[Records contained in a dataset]
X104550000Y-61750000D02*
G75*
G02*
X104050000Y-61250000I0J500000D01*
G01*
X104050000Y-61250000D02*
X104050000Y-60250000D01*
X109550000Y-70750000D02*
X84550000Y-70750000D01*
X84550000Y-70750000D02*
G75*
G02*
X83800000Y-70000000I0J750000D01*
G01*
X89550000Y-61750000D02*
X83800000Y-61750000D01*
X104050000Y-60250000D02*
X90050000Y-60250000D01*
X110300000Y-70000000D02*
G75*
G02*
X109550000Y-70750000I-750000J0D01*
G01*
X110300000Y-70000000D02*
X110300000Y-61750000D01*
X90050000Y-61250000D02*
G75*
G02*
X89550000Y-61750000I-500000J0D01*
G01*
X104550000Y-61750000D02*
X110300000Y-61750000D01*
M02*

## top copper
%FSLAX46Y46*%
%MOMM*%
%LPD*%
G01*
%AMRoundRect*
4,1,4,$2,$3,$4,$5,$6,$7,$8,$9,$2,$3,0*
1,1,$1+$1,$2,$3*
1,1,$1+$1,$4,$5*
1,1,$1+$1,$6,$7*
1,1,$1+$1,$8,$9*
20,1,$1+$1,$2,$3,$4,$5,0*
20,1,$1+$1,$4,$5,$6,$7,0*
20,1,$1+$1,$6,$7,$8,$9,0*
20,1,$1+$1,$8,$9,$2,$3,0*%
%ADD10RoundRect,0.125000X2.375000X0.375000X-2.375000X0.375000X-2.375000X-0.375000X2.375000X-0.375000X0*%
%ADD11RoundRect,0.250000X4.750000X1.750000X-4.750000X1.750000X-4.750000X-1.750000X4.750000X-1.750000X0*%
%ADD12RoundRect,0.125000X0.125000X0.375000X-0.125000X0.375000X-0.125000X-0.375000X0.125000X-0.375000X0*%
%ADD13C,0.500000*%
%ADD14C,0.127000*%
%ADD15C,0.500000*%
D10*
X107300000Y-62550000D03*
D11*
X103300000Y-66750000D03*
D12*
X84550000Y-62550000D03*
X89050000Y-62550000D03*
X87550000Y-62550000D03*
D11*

---

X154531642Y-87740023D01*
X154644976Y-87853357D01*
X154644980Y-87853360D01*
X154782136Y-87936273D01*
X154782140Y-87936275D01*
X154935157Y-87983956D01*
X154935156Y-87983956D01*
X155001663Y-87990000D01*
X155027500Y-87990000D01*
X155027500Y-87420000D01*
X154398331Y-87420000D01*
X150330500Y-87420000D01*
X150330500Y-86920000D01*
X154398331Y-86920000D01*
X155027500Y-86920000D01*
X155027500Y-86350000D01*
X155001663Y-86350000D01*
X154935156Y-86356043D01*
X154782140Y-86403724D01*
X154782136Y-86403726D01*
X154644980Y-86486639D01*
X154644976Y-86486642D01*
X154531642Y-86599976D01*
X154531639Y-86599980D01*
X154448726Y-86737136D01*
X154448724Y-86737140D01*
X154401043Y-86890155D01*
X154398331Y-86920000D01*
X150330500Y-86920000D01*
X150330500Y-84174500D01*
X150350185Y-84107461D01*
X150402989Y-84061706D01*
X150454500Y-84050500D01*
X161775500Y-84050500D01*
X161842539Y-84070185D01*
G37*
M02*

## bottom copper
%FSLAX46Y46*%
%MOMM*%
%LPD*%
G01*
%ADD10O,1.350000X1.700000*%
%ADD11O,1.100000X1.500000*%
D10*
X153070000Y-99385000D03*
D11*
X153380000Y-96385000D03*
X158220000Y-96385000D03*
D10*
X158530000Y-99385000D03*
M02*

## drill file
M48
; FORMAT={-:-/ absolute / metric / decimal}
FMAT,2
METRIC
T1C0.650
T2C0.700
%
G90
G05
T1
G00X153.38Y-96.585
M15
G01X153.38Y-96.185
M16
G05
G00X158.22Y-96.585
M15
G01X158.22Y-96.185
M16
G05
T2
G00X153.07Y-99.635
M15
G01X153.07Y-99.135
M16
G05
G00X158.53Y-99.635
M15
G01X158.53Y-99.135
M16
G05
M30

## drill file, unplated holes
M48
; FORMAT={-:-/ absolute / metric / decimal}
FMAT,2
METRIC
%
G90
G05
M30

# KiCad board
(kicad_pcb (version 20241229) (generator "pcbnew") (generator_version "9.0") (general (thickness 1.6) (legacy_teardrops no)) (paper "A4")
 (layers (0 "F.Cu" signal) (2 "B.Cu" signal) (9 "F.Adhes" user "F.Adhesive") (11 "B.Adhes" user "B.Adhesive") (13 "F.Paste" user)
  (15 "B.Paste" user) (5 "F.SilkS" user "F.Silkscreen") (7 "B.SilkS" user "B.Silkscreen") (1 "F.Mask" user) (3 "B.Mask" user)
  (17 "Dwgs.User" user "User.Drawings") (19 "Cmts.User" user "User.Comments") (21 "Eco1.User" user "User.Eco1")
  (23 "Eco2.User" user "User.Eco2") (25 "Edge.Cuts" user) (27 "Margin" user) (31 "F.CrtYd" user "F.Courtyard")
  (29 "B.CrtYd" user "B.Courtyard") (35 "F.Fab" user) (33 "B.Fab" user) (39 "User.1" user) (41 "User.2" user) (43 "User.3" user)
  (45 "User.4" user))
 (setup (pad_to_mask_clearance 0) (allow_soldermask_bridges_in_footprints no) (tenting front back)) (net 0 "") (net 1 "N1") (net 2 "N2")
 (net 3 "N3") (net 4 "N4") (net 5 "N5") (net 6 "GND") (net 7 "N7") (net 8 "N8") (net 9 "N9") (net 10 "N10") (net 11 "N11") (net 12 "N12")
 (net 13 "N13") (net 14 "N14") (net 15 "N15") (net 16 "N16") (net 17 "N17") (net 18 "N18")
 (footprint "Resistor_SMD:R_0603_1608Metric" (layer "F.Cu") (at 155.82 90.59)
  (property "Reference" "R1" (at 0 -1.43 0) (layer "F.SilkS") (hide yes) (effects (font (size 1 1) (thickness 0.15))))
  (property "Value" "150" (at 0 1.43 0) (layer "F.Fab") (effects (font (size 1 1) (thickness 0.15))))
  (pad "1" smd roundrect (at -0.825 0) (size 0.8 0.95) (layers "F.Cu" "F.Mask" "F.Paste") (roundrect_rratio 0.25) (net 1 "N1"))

...

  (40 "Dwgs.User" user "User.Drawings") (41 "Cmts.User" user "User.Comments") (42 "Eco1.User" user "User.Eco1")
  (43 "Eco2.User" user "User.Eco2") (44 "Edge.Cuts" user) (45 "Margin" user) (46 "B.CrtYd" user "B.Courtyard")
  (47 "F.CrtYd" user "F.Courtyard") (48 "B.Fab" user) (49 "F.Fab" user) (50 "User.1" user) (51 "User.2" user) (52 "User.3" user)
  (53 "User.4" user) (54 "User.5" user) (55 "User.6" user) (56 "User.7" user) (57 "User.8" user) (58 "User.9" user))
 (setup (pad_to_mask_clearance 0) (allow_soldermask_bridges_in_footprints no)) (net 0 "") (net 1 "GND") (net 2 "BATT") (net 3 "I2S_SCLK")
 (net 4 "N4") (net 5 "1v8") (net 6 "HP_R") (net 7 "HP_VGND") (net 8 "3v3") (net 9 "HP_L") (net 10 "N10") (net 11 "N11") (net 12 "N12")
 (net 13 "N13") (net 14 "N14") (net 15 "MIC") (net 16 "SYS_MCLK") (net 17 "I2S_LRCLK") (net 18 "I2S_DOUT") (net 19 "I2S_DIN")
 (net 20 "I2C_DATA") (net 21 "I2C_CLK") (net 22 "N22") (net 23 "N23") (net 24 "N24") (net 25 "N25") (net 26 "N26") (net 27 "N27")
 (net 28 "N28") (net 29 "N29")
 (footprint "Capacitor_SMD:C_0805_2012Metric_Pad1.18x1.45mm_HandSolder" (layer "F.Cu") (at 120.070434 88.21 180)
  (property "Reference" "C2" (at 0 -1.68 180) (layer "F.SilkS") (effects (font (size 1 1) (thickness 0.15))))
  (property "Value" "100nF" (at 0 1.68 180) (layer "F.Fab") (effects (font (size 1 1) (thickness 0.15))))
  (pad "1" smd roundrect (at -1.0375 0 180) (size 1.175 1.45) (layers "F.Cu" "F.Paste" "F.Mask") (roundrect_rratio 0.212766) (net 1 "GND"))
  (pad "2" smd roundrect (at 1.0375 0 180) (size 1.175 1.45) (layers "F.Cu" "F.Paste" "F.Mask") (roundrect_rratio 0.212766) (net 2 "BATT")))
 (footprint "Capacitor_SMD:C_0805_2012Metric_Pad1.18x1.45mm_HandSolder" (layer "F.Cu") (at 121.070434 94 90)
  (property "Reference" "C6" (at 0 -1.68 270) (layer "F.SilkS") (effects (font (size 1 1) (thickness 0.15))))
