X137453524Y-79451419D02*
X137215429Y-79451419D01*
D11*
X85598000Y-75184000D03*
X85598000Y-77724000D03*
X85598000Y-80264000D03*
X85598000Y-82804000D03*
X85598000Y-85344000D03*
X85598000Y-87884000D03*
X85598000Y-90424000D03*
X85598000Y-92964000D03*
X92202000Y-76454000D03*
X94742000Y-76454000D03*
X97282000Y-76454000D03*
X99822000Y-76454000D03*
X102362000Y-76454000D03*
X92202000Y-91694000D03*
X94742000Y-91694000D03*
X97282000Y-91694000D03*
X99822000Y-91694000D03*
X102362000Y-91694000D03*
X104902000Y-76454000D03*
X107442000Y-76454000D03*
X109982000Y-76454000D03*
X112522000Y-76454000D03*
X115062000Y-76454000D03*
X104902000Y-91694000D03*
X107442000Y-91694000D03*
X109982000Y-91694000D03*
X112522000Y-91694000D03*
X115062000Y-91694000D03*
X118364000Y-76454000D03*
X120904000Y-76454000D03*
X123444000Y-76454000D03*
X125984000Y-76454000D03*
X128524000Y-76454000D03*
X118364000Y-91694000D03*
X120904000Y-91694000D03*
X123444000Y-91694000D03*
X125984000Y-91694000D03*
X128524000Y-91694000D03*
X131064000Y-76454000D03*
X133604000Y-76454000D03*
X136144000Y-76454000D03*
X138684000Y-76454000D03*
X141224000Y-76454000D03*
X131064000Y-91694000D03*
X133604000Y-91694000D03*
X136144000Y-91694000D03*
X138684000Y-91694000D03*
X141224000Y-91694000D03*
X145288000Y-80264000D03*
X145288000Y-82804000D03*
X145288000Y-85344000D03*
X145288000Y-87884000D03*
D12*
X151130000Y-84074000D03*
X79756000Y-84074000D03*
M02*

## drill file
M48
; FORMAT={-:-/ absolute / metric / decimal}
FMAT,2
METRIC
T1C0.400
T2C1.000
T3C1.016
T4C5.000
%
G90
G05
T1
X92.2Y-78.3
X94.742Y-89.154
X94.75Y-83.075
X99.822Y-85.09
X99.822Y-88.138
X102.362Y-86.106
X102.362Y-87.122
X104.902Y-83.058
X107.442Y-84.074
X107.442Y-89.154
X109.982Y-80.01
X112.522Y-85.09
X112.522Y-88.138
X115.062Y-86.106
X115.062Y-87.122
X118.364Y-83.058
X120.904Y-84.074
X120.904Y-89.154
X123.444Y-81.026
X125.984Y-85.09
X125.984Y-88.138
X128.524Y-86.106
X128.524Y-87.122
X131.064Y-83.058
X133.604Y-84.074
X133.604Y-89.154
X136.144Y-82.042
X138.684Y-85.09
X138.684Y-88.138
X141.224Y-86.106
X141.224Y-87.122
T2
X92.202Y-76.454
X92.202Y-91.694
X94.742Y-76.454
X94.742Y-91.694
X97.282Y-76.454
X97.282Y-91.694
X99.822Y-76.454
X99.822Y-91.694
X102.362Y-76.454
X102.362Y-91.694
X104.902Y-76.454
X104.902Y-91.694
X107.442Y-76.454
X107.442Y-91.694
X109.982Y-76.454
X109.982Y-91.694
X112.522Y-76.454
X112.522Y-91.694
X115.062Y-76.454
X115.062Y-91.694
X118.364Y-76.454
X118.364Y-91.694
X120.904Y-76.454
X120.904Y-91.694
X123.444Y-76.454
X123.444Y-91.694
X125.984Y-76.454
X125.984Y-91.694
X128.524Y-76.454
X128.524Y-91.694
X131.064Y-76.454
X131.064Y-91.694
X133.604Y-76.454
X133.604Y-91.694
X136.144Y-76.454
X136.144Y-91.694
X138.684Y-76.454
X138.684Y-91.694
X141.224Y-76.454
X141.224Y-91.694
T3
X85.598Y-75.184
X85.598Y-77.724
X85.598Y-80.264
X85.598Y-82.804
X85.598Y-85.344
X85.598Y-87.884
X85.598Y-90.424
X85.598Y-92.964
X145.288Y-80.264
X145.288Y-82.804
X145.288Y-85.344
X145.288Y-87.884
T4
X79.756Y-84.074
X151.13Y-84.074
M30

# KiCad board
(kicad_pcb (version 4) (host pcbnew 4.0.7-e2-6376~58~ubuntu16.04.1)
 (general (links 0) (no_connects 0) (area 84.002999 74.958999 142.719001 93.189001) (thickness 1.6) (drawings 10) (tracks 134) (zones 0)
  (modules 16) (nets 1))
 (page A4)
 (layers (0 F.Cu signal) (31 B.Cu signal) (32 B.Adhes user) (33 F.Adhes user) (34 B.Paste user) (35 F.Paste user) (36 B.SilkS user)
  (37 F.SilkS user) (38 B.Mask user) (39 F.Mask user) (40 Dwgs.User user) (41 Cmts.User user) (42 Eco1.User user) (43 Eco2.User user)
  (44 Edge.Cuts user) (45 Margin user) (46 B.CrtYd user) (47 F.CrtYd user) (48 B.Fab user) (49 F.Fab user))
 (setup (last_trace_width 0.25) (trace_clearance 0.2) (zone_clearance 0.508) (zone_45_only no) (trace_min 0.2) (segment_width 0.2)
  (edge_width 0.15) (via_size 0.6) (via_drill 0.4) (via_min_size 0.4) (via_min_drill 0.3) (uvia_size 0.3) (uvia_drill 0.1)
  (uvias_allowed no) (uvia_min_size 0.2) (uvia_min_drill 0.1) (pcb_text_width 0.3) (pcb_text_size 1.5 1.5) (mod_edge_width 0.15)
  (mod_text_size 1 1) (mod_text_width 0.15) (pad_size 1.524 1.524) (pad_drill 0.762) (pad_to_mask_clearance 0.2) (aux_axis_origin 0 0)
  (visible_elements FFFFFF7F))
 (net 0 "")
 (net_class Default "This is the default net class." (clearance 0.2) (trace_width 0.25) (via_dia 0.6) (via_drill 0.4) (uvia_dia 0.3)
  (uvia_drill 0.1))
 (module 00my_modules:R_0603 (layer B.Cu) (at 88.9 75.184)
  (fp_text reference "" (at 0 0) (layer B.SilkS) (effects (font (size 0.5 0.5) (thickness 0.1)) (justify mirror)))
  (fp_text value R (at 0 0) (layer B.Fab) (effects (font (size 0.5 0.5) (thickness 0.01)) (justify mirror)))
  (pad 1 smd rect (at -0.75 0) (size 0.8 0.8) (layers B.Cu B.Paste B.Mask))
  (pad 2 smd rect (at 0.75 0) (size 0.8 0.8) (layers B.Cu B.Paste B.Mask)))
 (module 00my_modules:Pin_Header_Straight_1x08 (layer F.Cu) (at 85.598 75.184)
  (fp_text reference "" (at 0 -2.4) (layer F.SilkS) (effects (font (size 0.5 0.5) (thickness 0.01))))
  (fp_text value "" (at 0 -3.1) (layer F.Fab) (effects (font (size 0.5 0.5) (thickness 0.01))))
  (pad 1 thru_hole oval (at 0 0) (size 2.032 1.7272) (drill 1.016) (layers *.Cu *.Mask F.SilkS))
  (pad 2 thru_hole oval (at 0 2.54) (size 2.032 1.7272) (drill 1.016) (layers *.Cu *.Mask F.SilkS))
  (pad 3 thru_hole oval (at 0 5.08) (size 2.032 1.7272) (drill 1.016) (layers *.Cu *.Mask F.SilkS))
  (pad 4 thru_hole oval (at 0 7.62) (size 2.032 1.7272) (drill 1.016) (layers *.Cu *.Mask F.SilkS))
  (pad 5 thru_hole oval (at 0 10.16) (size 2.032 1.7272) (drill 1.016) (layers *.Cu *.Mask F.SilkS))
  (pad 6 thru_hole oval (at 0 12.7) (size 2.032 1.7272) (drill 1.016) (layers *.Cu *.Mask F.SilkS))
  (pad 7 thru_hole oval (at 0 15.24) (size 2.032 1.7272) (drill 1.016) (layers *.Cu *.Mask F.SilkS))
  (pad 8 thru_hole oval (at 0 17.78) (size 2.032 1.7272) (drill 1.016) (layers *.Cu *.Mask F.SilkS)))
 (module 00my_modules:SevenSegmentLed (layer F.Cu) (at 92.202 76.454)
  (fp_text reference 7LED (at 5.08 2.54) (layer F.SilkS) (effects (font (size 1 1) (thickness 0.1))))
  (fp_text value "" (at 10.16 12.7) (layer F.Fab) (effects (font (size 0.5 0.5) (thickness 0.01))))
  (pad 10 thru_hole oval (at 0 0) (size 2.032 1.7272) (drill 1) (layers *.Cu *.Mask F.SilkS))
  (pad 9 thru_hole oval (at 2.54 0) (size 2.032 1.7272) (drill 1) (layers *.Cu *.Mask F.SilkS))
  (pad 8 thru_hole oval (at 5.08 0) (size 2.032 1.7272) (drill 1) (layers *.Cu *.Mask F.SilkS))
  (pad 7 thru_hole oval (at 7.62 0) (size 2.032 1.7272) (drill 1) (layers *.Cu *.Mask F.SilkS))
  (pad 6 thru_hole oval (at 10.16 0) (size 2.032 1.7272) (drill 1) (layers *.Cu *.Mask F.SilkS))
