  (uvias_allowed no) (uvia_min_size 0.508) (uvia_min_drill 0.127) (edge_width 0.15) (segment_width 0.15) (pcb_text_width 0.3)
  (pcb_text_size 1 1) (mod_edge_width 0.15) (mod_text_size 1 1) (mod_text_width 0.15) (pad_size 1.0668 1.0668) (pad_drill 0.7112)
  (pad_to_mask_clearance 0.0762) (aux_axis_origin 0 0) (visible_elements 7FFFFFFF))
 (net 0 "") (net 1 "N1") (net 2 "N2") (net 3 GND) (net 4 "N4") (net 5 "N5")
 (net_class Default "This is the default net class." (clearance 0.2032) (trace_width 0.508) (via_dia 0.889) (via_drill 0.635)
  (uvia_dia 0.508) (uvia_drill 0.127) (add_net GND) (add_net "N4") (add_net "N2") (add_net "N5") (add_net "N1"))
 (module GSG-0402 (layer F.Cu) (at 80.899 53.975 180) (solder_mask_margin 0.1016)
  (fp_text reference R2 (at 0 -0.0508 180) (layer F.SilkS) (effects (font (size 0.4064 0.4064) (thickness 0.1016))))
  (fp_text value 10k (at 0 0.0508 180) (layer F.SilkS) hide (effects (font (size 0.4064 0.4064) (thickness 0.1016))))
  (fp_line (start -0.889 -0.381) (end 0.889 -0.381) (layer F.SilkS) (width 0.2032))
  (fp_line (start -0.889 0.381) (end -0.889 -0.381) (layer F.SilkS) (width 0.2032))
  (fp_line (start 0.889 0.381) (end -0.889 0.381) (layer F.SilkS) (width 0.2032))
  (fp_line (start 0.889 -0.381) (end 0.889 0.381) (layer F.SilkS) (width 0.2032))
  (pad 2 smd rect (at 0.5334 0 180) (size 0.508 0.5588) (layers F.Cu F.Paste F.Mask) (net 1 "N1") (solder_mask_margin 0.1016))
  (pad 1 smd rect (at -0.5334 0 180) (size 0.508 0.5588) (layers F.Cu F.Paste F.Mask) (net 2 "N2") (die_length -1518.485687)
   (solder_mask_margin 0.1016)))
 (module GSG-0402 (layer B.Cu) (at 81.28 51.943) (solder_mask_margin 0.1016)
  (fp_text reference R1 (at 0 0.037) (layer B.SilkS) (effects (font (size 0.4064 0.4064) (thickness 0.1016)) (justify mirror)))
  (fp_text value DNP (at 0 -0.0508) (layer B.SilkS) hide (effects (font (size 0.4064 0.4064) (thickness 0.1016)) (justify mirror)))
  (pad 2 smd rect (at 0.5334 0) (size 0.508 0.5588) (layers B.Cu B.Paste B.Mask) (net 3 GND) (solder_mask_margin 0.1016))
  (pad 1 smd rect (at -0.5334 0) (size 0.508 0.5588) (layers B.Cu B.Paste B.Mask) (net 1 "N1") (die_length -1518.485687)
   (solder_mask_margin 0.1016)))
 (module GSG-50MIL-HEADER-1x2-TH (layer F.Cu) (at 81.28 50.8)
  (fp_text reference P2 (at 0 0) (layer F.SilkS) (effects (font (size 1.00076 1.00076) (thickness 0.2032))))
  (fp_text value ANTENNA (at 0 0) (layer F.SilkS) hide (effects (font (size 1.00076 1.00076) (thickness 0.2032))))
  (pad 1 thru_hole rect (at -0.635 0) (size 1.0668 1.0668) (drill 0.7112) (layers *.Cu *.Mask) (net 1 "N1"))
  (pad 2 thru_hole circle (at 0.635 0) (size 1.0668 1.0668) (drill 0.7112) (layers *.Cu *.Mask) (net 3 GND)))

• [WHAT TO WORK ON]:
Going back to the entries above, set down exactly the lines that begin at the one with "X125984000Y-76454000D03*" and end at the one with "X99.822Y-88.138", both included, and nothing else.

• [SOLVED PROBLEM]:
X125984000Y-76454000D03*
X128524000Y-76454000D03*
X118364000Y-91694000D03*
X120904000Y-91694000D03*
X123444000Y-91694000D03*
X125984000Y-91694000D03*
X128524000Y-91694000D03*
X131064000Y-76454000D03*
X133604000Y-76454000D03*
X136144000Y-76454000D03*
X138684000Y-76454000D03*
X141224000Y-76454000D03*
X131064000Y-91694000D03*
X133604000Y-91694000D03*
X136144000Y-91694000D03*
X138684000Y-91694000D03*
X141224000Y-91694000D03*
X145288000Y-80264000D03*
X145288000Y-82804000D03*
X145288000Y-85344000D03*
X145288000Y-87884000D03*
D12*
X151130000Y-84074000D03*
X79756000Y-84074000D03*
M02*

## drill file
M48
; FORMAT={-:-/ absolute / metric / decimal}
FMAT,2
METRIC
T1C0.400
T2C1.000
T3C1.016
T4C5.000
%
G90
G05
T1
X92.2Y-78.3
X94.742Y-89.154
X94.75Y-83.075
X99.822Y-85.09
X99.822Y-88.138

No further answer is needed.